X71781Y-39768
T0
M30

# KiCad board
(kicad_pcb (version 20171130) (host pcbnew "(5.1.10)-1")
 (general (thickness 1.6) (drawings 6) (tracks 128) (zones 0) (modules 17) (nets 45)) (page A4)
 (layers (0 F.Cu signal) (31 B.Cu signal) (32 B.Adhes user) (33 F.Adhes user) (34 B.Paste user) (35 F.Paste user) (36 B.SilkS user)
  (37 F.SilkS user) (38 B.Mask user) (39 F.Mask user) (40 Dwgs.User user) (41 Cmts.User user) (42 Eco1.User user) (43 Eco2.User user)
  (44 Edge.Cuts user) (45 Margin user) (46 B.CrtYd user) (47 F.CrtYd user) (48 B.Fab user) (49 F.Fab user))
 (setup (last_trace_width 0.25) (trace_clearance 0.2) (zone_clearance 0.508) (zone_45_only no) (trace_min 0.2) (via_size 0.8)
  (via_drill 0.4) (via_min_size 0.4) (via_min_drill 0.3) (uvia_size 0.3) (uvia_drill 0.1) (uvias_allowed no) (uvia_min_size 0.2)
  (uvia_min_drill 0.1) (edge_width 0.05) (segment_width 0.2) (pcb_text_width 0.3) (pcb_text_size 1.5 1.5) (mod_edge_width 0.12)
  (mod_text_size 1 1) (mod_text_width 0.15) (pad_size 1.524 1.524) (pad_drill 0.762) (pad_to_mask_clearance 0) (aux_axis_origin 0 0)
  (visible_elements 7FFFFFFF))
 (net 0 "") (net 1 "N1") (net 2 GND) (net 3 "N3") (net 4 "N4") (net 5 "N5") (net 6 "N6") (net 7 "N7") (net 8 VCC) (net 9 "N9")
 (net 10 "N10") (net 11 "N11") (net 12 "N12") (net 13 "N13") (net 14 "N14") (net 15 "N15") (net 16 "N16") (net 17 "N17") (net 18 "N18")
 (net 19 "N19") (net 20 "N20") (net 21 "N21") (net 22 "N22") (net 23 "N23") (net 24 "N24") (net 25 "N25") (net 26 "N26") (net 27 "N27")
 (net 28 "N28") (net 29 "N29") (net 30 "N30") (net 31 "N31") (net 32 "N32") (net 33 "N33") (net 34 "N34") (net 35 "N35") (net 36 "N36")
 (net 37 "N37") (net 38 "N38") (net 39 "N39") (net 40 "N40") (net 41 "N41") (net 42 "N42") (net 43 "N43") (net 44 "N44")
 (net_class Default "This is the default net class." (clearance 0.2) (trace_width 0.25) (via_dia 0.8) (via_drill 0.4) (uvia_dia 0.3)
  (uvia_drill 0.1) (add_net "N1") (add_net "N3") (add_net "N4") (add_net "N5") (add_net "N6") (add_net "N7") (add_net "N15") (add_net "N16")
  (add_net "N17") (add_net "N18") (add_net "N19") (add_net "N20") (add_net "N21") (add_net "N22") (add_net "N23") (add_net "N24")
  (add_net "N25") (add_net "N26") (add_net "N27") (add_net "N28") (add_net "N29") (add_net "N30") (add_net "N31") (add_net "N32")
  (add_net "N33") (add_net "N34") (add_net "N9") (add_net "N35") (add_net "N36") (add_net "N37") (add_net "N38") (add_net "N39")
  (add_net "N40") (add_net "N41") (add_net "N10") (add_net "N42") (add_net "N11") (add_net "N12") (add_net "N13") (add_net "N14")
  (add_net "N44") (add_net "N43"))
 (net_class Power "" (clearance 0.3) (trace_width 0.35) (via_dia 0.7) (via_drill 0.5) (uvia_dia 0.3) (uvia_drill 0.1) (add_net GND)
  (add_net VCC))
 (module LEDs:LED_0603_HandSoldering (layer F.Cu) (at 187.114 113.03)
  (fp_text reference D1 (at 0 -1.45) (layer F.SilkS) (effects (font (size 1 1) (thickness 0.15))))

************

■ **WHAT YOU SHOULD DO**: Only the lines from the top of the data through the line that contains "(setup (last_trace_width 0.25)" should be quoted, exactly as they stand.

■ **REPLY TO THE TASK**:
X71781Y-39768
T0
M30

# KiCad board
(kicad_pcb (version 20171130) (host pcbnew "(5.1.10)-1")
 (general (thickness 1.6) (drawings 6) (tracks 128) (zones 0) (modules 17) (nets 45)) (page A4)
 (layers (0 F.Cu signal) (31 B.Cu signal) (32 B.Adhes user) (33 F.Adhes user) (34 B.Paste user) (35 F.Paste user) (36 B.SilkS user)
  (37 F.SilkS user) (38 B.Mask user) (39 F.Mask user) (40 Dwgs.User user) (41 Cmts.User user) (42 Eco1.User user) (43 Eco2.User user)
  (44 Edge.Cuts user) (45 Margin user) (46 B.CrtYd user) (47 F.CrtYd user) (48 B.Fab user) (49 F.Fab user))
 (setup (last_trace_width 0.25) (trace_clearance 0.2) (zone_clearance 0.508) (zone_45_only no) (trace_min 0.2) (via_size 0.8)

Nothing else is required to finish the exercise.